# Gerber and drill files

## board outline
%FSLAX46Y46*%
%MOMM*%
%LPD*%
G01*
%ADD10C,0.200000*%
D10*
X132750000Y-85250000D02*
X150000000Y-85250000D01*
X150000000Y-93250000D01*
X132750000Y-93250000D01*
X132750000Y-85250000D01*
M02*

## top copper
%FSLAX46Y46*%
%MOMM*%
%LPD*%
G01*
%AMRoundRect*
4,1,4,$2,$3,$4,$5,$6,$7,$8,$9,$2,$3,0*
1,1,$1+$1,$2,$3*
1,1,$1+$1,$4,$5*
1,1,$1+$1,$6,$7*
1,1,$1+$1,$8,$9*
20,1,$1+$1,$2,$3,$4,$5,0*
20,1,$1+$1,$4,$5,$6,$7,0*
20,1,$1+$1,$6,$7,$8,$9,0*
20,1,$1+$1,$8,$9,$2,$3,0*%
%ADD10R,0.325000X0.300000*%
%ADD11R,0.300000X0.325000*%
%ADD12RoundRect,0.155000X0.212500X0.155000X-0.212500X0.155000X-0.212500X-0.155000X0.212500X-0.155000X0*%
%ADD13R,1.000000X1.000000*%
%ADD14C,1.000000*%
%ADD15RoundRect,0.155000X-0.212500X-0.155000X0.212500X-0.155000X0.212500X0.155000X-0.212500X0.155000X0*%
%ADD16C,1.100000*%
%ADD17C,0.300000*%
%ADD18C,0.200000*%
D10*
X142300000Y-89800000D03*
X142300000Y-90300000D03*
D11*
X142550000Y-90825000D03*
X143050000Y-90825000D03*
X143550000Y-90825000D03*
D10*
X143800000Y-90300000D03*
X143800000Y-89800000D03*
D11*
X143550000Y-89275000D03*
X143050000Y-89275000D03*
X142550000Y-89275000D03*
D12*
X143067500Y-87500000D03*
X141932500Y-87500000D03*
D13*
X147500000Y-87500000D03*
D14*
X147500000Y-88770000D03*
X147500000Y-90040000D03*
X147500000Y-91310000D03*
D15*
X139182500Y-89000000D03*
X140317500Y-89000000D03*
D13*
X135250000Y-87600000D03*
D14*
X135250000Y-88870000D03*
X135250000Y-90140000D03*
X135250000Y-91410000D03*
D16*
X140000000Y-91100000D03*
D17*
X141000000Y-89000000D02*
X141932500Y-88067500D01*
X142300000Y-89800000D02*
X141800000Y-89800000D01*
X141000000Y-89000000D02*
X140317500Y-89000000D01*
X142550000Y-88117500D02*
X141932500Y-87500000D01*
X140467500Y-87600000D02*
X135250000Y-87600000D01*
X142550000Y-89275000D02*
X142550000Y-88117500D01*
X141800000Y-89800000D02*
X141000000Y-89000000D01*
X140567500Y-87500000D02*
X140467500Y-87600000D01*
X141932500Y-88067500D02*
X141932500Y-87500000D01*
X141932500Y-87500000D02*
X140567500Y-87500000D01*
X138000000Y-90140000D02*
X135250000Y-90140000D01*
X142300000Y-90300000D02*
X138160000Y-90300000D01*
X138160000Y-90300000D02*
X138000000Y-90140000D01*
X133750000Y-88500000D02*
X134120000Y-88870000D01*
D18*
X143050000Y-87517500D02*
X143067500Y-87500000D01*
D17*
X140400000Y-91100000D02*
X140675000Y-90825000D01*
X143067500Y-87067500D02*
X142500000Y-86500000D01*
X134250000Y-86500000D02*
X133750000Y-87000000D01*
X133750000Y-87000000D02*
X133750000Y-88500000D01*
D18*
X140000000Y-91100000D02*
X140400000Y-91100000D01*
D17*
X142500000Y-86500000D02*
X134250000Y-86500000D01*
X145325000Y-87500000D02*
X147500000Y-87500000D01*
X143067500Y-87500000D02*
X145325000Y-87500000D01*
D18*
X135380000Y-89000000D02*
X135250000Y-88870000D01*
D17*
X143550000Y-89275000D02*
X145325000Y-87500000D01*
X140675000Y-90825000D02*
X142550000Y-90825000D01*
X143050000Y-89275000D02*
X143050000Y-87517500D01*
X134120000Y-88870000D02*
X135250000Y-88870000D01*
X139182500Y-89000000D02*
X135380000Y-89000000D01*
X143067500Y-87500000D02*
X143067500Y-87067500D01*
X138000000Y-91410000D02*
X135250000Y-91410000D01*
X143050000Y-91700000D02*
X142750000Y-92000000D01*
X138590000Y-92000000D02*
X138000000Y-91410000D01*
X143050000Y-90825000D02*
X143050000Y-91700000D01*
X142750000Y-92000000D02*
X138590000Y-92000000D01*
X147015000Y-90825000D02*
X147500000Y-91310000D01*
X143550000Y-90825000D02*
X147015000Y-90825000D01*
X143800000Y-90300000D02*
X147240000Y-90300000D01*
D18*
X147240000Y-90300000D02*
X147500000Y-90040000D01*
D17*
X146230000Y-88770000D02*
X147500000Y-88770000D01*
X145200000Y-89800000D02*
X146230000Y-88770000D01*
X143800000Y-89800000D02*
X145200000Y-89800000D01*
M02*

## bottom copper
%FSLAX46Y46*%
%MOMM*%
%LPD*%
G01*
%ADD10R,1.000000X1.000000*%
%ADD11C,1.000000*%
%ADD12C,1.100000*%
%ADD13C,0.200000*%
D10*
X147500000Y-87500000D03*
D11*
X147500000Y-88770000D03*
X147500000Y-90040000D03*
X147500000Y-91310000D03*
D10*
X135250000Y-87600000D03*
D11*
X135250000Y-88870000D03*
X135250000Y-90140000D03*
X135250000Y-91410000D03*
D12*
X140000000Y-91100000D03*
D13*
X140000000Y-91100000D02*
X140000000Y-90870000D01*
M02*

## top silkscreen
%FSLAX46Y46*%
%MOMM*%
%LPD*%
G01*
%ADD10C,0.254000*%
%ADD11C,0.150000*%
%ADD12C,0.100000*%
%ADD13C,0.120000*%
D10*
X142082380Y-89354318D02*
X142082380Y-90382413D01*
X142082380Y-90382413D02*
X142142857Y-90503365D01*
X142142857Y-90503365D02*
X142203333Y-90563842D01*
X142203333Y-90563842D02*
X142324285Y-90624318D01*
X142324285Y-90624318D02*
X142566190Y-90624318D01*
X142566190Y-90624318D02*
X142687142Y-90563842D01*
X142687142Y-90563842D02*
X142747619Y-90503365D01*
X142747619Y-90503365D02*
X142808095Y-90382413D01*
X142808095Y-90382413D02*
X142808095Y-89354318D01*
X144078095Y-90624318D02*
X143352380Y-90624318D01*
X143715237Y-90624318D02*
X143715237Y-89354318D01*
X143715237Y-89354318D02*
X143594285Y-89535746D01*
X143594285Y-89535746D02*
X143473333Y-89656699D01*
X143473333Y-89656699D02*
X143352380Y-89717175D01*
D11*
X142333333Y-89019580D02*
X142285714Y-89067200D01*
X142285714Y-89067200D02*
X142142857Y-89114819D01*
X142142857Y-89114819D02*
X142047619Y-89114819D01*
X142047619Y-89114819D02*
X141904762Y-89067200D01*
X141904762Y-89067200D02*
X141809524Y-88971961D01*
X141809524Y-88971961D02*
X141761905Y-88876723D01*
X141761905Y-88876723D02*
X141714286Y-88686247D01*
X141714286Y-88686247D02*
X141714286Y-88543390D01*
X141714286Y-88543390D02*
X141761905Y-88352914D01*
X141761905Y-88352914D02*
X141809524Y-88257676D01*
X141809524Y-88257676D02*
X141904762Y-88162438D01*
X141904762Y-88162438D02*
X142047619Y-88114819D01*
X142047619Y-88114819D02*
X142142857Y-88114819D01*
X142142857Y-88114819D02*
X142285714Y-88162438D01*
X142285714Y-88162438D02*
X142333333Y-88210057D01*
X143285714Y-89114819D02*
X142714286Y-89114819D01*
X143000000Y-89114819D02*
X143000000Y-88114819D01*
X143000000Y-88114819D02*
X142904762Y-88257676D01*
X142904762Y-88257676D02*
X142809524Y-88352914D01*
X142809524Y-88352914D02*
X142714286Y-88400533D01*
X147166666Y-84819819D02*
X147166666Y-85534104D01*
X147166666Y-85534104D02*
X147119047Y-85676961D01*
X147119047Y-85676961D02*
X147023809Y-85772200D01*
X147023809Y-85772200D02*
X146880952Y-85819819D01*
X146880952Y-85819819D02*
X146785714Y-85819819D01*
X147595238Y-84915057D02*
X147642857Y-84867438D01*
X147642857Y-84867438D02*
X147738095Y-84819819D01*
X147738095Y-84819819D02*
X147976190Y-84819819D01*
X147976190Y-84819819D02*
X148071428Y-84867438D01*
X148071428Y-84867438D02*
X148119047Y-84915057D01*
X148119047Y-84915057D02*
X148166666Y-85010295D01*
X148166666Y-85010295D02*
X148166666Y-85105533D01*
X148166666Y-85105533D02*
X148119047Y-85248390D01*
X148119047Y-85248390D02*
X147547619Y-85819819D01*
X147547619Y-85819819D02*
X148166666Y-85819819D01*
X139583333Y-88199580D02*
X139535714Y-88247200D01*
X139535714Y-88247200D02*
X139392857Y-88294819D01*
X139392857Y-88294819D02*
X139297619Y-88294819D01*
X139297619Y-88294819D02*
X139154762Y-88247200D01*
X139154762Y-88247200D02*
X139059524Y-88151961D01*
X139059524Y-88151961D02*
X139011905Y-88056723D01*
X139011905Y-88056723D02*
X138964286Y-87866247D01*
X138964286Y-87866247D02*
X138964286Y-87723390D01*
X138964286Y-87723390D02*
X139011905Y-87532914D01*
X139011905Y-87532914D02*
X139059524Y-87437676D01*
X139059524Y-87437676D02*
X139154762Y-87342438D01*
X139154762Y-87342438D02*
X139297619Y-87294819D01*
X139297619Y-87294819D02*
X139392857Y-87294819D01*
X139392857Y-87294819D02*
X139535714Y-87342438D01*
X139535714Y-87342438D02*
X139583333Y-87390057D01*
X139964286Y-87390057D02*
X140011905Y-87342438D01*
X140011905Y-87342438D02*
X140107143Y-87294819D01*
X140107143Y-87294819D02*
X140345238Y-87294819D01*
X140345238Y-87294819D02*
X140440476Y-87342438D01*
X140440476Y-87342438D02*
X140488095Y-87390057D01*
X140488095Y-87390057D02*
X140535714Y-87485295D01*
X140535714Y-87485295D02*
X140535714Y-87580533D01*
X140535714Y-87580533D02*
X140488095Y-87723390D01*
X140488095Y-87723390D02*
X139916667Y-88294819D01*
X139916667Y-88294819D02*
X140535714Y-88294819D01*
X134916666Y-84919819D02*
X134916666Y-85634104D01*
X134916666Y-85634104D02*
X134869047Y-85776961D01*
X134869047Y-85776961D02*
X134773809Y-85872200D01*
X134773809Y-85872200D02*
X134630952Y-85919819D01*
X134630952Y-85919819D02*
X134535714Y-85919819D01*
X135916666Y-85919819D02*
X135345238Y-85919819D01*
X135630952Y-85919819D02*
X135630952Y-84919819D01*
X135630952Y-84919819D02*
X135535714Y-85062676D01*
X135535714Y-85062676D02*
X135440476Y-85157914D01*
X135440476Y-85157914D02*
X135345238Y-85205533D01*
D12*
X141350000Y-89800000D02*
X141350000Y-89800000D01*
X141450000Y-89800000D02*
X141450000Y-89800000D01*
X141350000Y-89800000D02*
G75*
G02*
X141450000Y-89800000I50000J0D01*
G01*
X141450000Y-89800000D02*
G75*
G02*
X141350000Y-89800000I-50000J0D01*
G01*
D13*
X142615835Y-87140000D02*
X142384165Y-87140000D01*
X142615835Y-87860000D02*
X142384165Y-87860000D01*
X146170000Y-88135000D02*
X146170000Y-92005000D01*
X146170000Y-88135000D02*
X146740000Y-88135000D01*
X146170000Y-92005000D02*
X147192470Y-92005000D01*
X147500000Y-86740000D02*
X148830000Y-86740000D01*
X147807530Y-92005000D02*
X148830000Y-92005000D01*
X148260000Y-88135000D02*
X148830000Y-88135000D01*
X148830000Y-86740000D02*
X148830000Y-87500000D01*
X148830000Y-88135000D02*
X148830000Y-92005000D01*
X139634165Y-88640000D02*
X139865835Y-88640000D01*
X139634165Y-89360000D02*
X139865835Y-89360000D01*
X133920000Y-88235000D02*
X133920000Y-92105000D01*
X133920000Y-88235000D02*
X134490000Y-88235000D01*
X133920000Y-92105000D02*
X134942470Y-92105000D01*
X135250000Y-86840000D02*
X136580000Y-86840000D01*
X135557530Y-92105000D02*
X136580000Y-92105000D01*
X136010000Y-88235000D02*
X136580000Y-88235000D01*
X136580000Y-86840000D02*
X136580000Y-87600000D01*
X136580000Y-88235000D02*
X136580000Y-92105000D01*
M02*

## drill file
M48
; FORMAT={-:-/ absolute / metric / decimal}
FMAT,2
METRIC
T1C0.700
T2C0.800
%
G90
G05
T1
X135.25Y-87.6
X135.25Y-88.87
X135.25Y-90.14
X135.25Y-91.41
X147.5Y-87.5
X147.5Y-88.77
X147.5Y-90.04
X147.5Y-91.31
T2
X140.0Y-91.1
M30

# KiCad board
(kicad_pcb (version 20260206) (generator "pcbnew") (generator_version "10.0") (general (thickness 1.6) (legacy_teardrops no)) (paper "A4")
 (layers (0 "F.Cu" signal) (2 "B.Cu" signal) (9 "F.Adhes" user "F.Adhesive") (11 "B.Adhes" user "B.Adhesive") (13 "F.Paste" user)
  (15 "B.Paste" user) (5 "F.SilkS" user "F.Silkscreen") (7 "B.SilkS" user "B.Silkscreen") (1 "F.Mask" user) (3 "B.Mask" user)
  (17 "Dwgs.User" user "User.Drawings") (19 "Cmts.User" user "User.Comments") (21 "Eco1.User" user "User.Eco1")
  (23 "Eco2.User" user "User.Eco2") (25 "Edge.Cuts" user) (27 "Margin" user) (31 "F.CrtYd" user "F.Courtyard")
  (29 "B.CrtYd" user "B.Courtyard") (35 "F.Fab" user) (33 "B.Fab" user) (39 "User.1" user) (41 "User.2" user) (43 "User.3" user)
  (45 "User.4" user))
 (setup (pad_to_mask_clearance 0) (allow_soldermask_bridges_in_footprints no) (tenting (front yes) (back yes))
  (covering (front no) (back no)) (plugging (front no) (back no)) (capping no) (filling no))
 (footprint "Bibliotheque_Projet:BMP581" (layer "F.Cu") (at 143.05 90.05)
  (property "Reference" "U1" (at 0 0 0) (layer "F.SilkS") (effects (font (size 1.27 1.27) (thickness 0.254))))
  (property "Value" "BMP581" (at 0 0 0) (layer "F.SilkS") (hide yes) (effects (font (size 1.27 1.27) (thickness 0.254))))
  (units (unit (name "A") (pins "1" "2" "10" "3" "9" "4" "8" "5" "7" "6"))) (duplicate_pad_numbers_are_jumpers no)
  (fp_line (start -1.7 -0.25) (end -1.7 -0.25) (stroke (width 0.1) (type solid)) (layer "F.SilkS"))
  (fp_line (start -1.6 -0.25) (end -1.6 -0.25) (stroke (width 0.1) (type solid)) (layer "F.SilkS"))
  (fp_arc (start -1.7 -0.25) (mid -1.65 -0.3) (end -1.6 -0.25) (stroke (width 0.1) (type solid)) (layer "F.SilkS"))
  (fp_arc (start -1.6 -0.25) (mid -1.65 -0.2) (end -1.7 -0.25) (stroke (width 0.1) (type solid)) (layer "F.SilkS"))
  (pad "1" smd rect (at -0.75 -0.25 90) (size 0.3 0.325) (layers "F.Cu" "F.Mask" "F.Paste") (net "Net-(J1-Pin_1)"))
  (pad "2" smd rect (at -0.75 0.25 90) (size 0.3 0.325) (layers "F.Cu" "F.Mask" "F.Paste") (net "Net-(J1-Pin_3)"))
  (pad "3" smd rect (at -0.5 0.775) (size 0.3 0.325) (layers "F.Cu" "F.Mask" "F.Paste") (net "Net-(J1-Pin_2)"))
  (pad "4" smd rect (at 0 0.775) (size 0.3 0.325) (layers "F.Cu" "F.Mask" "F.Paste") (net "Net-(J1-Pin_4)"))
  (pad "5" smd rect (at 0.5 0.775) (size 0.3 0.325) (layers "F.Cu" "F.Mask" "F.Paste") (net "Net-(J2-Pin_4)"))
  (pad "6" smd rect (at 0.75 0.25 90) (size 0.3 0.325) (layers "F.Cu" "F.Mask" "F.Paste") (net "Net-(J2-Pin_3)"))
  (pad "7" smd rect (at 0.75 -0.25 90) (size 0.3 0.325) (layers "F.Cu" "F.Mask" "F.Paste") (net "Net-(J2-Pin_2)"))
  (pad "8" smd rect (at 0.5 -0.775) (size 0.3 0.325) (layers "F.Cu" "F.Mask" "F.Paste") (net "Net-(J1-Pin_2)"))
  (pad "9" smd rect (at 0 -0.775) (size 0.3 0.325) (layers "F.Cu" "F.Mask" "F.Paste") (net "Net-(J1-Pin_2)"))
  (pad "10" smd rect (at -0.5 -0.775) (size 0.3 0.325) (layers "F.Cu" "F.Mask" "F.Paste") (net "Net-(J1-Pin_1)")))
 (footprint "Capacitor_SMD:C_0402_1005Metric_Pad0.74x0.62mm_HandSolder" (layer "F.Cu") (at 142.5 87.5 180)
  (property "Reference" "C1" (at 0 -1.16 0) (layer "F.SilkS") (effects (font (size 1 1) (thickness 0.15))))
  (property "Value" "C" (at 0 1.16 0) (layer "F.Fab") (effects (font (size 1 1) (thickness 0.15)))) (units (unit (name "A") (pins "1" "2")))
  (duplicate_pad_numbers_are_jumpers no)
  (fp_line (start -0.115835 0.36) (end 0.115835 0.36) (stroke (width 0.12) (type solid)) (layer "F.SilkS"))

....

» **THE TASK**
Please reproduce, exactly as they appear above, the lines from the line containing "X142142857Y-88114819D02*" up to and including the line containing "X142904762Y-88257676D01*".

» **ANSWER**
X142142857Y-88114819D02*
X142285714Y-88162438D01*
X142285714Y-88162438D02*
X142333333Y-88210057D01*
X143285714Y-89114819D02*
X142714286Y-89114819D01*
X143000000Y-89114819D02*
X143000000Y-88114819D01*
X143000000Y-88114819D02*
X142904762Y-88257676D01*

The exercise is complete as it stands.